Although the prospect of dying in a car crash is generally assumed to be 1 in 6,000, very few people refrain from driving on such grounds. The reason is that the utility of driving greatly enhances the quality of life to the point that the small negative payout due to the prospect of a car crash can be ignored.
Second order effects
As the sky diving example shows, the payout of a game of chance can be, as my friend the trader has indicated, both asymmetric and subjective. To properly evaluate the expected payout, second order effects have to be taken into account. For example, a die rolling game in which you pay $1000 to play and get back $6010 if you roll a 6 is has a net positive expected payout ($6010/6 - $1000 = $1.6667). Now suppose that you never had the $1000. You instead borrowed the money from the casino for a fixed term of one year at 12% interest rate. The game in this case has a net negative payout ($6010/6 - $1120 = -$118.3333); a significantly different profile. I wouldn’t venture into a situation where you had to pawn your spouse’s jewelry to play the game. Second order effects of risky outcomes are highly subjective (vary from entity to entity) and has to be taken into account.

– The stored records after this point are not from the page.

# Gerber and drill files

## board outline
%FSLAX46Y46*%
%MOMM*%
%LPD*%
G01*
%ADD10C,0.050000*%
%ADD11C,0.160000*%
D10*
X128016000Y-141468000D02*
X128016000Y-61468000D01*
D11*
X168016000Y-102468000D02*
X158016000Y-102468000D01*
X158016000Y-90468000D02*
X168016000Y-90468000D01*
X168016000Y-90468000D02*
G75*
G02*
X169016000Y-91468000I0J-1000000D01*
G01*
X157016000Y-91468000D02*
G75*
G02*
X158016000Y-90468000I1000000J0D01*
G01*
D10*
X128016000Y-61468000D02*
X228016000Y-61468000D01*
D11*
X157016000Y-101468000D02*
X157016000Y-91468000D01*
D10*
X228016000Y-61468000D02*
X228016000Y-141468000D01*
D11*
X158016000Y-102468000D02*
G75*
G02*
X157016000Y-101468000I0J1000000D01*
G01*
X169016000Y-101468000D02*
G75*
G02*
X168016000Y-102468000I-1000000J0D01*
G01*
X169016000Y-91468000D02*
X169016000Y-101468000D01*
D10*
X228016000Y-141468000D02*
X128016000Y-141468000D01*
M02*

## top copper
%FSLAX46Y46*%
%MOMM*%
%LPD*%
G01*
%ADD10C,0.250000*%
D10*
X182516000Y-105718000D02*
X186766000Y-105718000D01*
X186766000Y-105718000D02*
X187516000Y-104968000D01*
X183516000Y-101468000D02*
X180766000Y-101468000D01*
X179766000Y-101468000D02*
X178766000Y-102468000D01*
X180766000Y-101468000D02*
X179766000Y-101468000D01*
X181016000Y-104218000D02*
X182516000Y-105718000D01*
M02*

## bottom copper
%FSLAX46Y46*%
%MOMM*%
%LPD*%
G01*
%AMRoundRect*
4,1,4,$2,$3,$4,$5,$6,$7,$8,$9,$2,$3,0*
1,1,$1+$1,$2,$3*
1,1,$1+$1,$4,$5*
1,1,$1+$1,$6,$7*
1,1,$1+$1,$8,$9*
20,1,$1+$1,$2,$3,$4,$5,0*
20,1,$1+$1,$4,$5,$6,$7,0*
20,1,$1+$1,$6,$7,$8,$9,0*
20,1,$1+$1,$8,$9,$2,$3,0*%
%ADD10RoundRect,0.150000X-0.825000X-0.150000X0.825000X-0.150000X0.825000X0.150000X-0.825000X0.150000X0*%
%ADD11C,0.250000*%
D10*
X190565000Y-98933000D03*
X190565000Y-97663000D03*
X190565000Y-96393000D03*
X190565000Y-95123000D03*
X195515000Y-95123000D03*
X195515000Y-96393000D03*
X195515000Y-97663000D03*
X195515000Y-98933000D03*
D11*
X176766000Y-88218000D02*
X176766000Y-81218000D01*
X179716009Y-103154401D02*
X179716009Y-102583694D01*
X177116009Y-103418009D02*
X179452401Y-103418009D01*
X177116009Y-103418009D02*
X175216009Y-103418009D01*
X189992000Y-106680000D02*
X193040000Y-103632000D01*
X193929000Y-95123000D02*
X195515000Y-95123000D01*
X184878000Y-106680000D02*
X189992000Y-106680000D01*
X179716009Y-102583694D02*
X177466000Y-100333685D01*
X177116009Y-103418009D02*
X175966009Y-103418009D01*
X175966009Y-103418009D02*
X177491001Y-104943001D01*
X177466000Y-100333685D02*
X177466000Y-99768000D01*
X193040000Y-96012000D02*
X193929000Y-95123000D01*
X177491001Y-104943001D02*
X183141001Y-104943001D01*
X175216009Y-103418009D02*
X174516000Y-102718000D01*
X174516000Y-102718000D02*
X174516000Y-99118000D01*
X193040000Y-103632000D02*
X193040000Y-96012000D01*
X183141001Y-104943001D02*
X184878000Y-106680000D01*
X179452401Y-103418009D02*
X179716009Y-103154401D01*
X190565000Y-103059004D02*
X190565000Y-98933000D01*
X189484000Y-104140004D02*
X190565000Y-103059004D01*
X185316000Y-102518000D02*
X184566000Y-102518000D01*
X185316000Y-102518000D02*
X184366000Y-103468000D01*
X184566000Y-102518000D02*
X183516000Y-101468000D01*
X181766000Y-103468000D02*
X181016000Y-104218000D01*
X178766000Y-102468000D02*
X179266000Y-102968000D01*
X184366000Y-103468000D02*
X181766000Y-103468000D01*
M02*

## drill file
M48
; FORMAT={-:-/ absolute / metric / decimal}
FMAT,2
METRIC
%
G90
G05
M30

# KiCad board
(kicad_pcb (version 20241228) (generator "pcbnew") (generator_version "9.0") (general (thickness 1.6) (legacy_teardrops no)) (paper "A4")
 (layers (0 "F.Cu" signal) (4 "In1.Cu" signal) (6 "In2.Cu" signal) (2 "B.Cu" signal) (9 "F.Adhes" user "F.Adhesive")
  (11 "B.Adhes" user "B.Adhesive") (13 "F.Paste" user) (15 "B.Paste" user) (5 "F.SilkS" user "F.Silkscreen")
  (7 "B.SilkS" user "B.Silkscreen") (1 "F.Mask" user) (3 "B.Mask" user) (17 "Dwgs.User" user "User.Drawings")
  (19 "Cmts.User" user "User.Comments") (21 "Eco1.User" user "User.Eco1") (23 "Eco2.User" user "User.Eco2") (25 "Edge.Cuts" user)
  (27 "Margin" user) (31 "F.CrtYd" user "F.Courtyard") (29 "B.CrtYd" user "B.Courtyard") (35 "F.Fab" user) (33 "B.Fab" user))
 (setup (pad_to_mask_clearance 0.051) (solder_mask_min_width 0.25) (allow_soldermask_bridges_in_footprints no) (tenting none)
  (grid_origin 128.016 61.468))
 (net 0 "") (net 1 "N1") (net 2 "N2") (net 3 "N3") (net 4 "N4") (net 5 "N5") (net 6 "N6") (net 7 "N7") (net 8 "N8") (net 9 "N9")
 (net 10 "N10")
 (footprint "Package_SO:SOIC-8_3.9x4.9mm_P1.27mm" (layer "B.Cu") (at 193.04 97.028)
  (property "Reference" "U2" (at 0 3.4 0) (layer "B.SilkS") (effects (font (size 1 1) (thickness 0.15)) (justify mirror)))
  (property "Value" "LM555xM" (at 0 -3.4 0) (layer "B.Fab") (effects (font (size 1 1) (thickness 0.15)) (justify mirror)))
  (pad "1" smd roundrect (at -2.475 1.905) (size 1.95 0.6) (layers "B.Cu" "B.Mask" "B.Paste") (roundrect_rratio 0.25) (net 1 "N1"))
  (pad "2" smd roundrect (at -2.475 0.635) (size 1.95 0.6) (layers "B.Cu" "B.Mask" "B.Paste") (roundrect_rratio 0.25) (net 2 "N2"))
  (pad "3" smd roundrect (at -2.475 -0.635) (size 1.95 0.6) (layers "B.Cu" "B.Mask" "B.Paste") (roundrect_rratio 0.25) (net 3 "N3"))
  (pad "4" smd roundrect (at -2.475 -1.905) (size 1.95 0.6) (layers "B.Cu" "B.Mask" "B.Paste") (roundrect_rratio 0.25) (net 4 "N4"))
  (pad "5" smd roundrect (at 2.475 -1.905) (size 1.95 0.6) (layers "B.Cu" "B.Mask" "B.Paste") (roundrect_rratio 0.25) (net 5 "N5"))
  (pad "6" smd roundrect (at 2.475 -0.635) (size 1.95 0.6) (layers "B.Cu" "B.Mask" "B.Paste") (roundrect_rratio 0.25) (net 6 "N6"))
  (pad "7" smd roundrect (at 2.475 0.635) (size 1.95 0.6) (layers "B.Cu" "B.Mask" "B.Paste") (roundrect_rratio 0.25) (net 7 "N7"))
  (pad "8" smd roundrect (at 2.475 1.905) (size 1.95 0.6) (layers "B.Cu" "B.Mask" "B.Paste") (roundrect_rratio 0.25) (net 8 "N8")))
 (gr_line (start 128.016 141.468) (end 128.016 61.468) (stroke (width 0.05) (type solid)) (layer "Edge.Cuts"))
 (gr_line (start 168.016 102.468) (end 158.016 102.468) (stroke (width 0.16) (type solid)) (layer "Edge.Cuts"))
 (gr_line (start 158.016 90.468) (end 168.016 90.468) (stroke (width 0.16) (type solid)) (layer "Edge.Cuts"))
 (gr_arc (start 168.016 90.468) (mid 168.723107 90.760893) (end 169.016 91.468) (stroke (width 0.16) (type solid)) (layer "Edge.Cuts"))
 (gr_arc (start 157.016 91.468) (mid 157.308893 90.760893) (end 158.016 90.468) (stroke (width 0.16) (type solid)) (layer "Edge.Cuts"))
 (gr_line (start 128.016 61.468) (end 228.016 61.468) (stroke (width 0.05) (type solid)) (layer "Edge.Cuts"))
 (gr_line (start 157.016 101.468) (end 157.016 91.468) (stroke (width 0.16) (type solid)) (layer "Edge.Cuts"))
 (gr_line (start 228.016 61.468) (end 228.016 141.468) (stroke (width 0.05) (type solid)) (layer "Edge.Cuts"))
 (gr_arc (start 158.016 102.468) (mid 157.308893 102.175107) (end 157.016 101.468) (stroke (width 0.16) (type solid)) (layer "Edge.Cuts"))
 (gr_arc (start 169.016 101.468) (mid 168.723107 102.175107) (end 168.016 102.468) (stroke (width 0.16) (type solid)) (layer "Edge.Cuts"))
 (gr_line (start 169.016 91.468) (end 169.016 101.468) (stroke (width 0.16) (type solid)) (layer "Edge.Cuts"))
 (gr_line (start 228.016 141.468) (end 128.016 141.468) (stroke (width 0.05) (type solid)) (layer "Edge.Cuts"))
 (segment (start 176.766 88.218) (end 176.766 81.218) (width 0.25) (layer "B.Cu") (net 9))
 (segment (start 179.716009 103.154401) (end 179.716009 102.583694) (width 0.25) (layer "B.Cu") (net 5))
 (segment (start 177.116009 103.418009) (end 179.452401 103.418009) (width 0.25) (layer "B.Cu") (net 5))
 (segment (start 177.116009 103.418009) (end 175.216009 103.418009) (width 0.25) (layer "B.Cu") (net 5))
 (segment (start 189.992 106.68) (end 193.04 103.632) (width 0.25) (layer "B.Cu") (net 5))
 (segment (start 193.929 95.123) (end 195.515 95.123) (width 0.25) (layer "B.Cu") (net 5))
 (segment (start 184.878 106.68) (end 189.992 106.68) (width 0.25) (layer "B.Cu") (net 5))
 (segment (start 179.716009 102.583694) (end 177.466 100.333685) (width 0.25) (layer "B.Cu") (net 5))
 (segment (start 177.116009 103.418009) (end 175.966009 103.418009) (width 0.25) (layer "B.Cu") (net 5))
 (segment (start 175.966009 103.418009) (end 177.491001 104.943001) (width 0.25) (layer "B.Cu") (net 5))
 (segment (start 177.466 100.333685) (end 177.466 99.768) (width 0.25) (layer "B.Cu") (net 5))
 (segment (start 193.04 96.012) (end 193.929 95.123) (width 0.25) (layer "B.Cu") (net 5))
 (segment (start 177.491001 104.943001) (end 183.141001 104.943001) (width 0.25) (layer "B.Cu") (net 5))
 (segment (start 175.216009 103.418009) (end 174.516 102.718) (width 0.25) (layer "B.Cu") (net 5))
 (segment (start 174.516 102.718) (end 174.516 99.118) (width 0.25) (layer "B.Cu") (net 5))
 (segment (start 193.04 103.632) (end 193.04 96.012) (width 0.25) (layer "B.Cu") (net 5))
 (segment (start 183.141001 104.943001) (end 184.878 106.68) (width 0.25) (layer "B.Cu") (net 5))
 (segment (start 179.452401 103.418009) (end 179.716009 103.154401) (width 0.25) (layer "B.Cu") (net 5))
 (segment (start 190.565 103.059004) (end 190.565 98.933) (width 0.25) (layer "B.Cu") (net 1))
 (segment (start 189.484 104.140004) (end 190.565 103.059004) (width 0.25) (layer "B.Cu") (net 1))
 (segment (start 182.516 105.718) (end 186.766 105.718) (width 0.25) (layer "F.Cu") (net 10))
 (segment (start 186.766 105.718) (end 187.516 104.968) (width 0.25) (layer "F.Cu") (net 10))
 (segment (start 183.516 101.468) (end 180.766 101.468) (width 0.25) (layer "F.Cu") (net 10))
 (segment (start 179.766 101.468) (end 178.766 102.468) (width 0.25) (layer "F.Cu") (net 10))
 (segment (start 180.766 101.468) (end 179.766 101.468) (width 0.25) (layer "F.Cu") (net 10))
 (segment (start 181.016 104.218) (end 182.516 105.718) (width 0.25) (layer "F.Cu") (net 10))
 (segment (start 185.316 102.518) (end 184.566 102.518) (width 0.25) (layer "B.Cu") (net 10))
 (segment (start 185.316 102.518) (end 184.366 103.468) (width 0.25) (layer "B.Cu") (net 10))
 (segment (start 184.566 102.518) (end 183.516 101.468) (width 0.25) (layer "B.Cu") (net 10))
 (segment (start 181.766 103.468) (end 181.016 104.218) (width 0.25) (layer "B.Cu") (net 10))
 (segment (start 178.766 102.468) (end 179.266 102.968) (width 0.25) (layer "B.Cu") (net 10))
 (segment (start 184.366 103.468) (end 181.766 103.468) (width 0.25) (layer "B.Cu") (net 10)))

Collective vs individual risk
Risk asymmetry and subjectivity are nowhere more visible than in comparing individual vs. aggregate risk. Some examples may help clarify the idea. A power company with a failure rate of 1 in 100,000 looks pretty reliable. This translates to two minutes of down time every six months. If the average customer is satisfied as long as power outage does not last longer than 20 minutes, the company’s annual customer satisfaction rate is around 100%. On the other hand, if you own an internet colocation business and any power outage can cost you your entire business, then the seemingly reliable power supply is totally unreliable as far as you are concerned.
In the same vain, the national cost in life as a result of a small war may seem acceptable as a percentage of population. For a military family, however, the loss is detrimental.

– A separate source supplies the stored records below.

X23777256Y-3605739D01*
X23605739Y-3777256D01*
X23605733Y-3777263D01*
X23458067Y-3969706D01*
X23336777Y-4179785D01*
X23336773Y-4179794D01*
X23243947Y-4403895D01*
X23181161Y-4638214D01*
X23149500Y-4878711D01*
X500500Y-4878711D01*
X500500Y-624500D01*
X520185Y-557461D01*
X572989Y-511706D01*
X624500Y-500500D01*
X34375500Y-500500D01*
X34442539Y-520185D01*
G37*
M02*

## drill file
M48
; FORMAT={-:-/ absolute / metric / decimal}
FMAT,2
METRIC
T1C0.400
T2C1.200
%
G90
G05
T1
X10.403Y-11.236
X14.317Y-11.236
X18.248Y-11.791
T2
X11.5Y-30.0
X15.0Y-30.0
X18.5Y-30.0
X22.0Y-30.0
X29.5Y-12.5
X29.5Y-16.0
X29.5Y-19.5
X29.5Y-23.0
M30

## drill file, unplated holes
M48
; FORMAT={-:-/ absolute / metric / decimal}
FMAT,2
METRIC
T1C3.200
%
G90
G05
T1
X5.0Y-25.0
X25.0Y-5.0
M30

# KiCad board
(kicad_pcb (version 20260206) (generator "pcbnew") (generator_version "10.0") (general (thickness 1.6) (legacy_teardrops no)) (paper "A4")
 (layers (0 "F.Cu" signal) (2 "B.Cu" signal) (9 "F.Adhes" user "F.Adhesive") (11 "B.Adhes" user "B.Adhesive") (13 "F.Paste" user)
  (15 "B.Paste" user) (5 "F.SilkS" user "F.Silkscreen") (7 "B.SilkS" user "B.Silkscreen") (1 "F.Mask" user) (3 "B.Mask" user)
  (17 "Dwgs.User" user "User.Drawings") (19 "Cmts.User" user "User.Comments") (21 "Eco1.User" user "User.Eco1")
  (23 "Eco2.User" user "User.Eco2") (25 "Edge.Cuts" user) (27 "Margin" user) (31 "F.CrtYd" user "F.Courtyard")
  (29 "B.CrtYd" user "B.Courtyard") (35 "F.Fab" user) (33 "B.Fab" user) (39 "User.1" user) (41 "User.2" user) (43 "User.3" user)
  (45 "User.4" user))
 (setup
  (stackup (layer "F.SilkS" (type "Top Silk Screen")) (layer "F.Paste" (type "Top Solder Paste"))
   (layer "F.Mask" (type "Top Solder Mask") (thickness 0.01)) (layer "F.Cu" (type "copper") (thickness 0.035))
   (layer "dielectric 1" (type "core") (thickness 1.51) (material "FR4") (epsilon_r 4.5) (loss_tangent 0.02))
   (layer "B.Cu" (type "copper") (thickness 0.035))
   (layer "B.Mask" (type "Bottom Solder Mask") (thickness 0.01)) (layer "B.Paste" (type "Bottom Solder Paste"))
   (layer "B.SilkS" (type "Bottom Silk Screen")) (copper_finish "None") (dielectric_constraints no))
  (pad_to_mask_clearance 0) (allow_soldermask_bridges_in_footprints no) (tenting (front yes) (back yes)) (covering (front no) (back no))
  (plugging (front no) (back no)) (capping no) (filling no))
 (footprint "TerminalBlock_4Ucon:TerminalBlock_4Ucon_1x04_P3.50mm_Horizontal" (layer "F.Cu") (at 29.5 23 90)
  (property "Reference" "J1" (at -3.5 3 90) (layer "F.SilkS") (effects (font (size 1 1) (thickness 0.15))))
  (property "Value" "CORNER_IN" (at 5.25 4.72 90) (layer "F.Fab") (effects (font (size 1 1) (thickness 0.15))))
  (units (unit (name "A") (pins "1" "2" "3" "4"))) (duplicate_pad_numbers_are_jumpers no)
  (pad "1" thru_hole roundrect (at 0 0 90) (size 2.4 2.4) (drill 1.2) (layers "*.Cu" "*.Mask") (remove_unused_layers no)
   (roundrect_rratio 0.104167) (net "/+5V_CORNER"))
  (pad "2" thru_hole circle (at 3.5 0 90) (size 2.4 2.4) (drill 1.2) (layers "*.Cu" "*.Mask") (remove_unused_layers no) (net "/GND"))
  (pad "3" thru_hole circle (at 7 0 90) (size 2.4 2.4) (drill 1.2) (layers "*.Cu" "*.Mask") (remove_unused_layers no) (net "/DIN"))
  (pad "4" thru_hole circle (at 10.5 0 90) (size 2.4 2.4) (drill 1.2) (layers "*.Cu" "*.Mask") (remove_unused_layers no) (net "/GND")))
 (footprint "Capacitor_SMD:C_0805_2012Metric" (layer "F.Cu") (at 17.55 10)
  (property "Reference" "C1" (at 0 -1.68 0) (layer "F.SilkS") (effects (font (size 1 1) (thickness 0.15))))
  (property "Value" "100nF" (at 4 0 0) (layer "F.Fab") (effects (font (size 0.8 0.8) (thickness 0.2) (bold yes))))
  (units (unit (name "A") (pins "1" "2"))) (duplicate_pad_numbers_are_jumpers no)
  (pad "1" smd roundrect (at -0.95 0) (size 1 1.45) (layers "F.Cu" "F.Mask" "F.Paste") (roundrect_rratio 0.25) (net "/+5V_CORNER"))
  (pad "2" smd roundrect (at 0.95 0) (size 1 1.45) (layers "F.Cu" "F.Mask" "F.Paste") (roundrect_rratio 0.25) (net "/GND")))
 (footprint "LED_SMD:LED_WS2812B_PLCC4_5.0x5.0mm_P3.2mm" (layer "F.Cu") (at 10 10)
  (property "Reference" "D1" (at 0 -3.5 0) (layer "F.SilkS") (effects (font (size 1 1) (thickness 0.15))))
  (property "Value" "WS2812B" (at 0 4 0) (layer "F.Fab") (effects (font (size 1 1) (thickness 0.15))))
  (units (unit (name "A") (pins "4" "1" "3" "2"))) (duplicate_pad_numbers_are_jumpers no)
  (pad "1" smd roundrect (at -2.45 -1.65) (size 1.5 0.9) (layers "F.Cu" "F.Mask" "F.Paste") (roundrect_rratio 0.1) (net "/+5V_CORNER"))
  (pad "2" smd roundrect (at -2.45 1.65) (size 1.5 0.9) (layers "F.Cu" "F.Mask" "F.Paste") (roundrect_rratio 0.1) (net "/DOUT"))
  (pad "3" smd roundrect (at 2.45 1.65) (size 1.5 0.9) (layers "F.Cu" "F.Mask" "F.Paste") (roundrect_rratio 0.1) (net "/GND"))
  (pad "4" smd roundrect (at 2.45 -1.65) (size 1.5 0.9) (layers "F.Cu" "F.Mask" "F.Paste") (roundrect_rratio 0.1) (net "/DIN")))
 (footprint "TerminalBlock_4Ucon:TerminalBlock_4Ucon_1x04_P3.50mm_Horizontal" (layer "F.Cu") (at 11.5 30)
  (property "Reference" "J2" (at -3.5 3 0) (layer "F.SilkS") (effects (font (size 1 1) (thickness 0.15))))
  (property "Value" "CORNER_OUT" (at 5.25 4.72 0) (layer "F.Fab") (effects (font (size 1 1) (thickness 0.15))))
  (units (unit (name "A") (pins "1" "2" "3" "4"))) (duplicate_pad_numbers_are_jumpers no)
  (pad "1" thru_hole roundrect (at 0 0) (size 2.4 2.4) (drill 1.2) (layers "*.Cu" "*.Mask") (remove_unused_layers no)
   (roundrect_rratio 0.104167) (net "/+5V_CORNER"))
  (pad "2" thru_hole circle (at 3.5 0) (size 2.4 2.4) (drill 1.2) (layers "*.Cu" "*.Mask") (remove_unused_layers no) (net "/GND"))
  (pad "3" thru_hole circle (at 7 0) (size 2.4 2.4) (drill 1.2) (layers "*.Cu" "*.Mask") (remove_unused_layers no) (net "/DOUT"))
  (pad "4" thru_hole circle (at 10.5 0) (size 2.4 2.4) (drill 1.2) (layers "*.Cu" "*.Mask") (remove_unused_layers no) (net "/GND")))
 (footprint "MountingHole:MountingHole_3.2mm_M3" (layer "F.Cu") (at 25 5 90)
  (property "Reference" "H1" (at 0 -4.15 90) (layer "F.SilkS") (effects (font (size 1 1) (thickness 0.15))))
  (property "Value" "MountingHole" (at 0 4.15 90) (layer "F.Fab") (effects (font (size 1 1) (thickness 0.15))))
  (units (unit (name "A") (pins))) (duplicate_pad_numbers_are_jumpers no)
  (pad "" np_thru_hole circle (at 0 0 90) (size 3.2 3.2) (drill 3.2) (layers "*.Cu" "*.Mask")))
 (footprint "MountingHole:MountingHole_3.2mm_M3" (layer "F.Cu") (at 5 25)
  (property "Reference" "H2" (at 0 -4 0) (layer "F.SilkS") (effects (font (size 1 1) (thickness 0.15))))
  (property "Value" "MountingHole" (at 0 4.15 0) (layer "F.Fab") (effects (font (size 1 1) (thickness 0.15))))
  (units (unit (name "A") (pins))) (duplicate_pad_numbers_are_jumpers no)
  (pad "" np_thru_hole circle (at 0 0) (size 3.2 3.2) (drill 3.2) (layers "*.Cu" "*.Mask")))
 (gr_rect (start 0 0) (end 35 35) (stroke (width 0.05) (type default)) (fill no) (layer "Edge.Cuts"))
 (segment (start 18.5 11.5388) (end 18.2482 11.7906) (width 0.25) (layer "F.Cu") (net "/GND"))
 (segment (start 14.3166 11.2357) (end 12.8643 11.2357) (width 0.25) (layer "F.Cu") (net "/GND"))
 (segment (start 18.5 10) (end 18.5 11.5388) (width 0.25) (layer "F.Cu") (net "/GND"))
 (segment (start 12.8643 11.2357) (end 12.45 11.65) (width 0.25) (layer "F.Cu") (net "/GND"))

This brings us back to the nuclear reactor safety issue. Serious nuclear accidents are rare (no more than 1 in 3000 annually). And when they happen the loss of life is no more than a few thousand lives (long-term effects included). For a nation of 300 million the risk per individual is less than is less than 1 in 150,000,000 annually per reactor. On a national level this is small enough to make it publicly acceptable. Once built, however, the ten-year risk for those living within a few miles from a reactor jumps to 1 in 300. Would you still live near one?

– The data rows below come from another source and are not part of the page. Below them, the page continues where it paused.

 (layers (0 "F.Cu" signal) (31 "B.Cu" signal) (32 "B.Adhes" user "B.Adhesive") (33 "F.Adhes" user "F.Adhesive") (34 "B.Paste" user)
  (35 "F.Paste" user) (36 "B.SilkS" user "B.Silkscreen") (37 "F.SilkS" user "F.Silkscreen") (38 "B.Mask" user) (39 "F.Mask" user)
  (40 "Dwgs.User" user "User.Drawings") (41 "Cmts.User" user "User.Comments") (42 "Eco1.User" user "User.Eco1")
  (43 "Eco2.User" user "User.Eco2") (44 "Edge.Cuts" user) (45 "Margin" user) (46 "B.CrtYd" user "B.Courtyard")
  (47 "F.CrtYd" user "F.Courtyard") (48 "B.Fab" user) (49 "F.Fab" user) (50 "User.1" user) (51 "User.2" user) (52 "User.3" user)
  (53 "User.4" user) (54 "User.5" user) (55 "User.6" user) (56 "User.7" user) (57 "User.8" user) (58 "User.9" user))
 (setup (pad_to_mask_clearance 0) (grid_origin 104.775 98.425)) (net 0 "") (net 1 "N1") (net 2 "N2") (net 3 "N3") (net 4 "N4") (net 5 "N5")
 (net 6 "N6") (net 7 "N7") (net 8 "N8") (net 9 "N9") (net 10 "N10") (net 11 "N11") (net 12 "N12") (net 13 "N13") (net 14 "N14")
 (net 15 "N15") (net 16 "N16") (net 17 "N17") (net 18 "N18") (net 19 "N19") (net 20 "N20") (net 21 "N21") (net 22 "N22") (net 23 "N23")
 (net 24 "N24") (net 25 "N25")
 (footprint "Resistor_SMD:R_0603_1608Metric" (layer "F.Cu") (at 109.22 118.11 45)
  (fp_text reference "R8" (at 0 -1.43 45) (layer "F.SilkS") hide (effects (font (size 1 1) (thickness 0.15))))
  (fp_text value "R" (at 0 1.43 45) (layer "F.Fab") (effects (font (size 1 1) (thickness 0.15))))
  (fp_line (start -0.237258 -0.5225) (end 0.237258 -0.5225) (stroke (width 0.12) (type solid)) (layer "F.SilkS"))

Here is a very illustrative example. In an interview broadcast on NPR on November 8, 2012, Melissa Block asked Ron Morano, chief spokesman for Jersey Central Power and Light, about continued power outages nearly two weeks after Sandy and the subsequent Nor'easter. His answer was that things should be viewed in perspective, the company was able to restore power to around 93% of its customers, and what remained were '...the last pockets of customers...'. Now 93% performance should earn you an 'A'. That is, unless you are graded by one of those last pockets. The grade in that case would be an 'F'. Or, in the words of mayor Ken Short of the Washington Township, "I'm totally fed up by your company, their total lies and lack of service. All they do is supply power and can't even do that right.".
Risk of alternatives
When evaluating the acceptability of risk one has to take into account all plausible alternatives, as well. If the only alternative to living near a nuclear power plant is certain death by freezing in a Siberian forest, then the risk associated with a nuclear disaster may start to look acceptable. Thus, before hopping on your Beemer to go to work on a rainy day, see if there is a train that can get you there. Just kidding!
To summarize, one of the hardest things for humans to do is resist the herd mentality. But this is exactly what proper risk assessment requires, since the risk profile of a mass of people could be entirely different from the risk profile of the individual. It should come as no surprise however, that improving an individual's risk profile reduces the collective fragility of the whole group as well.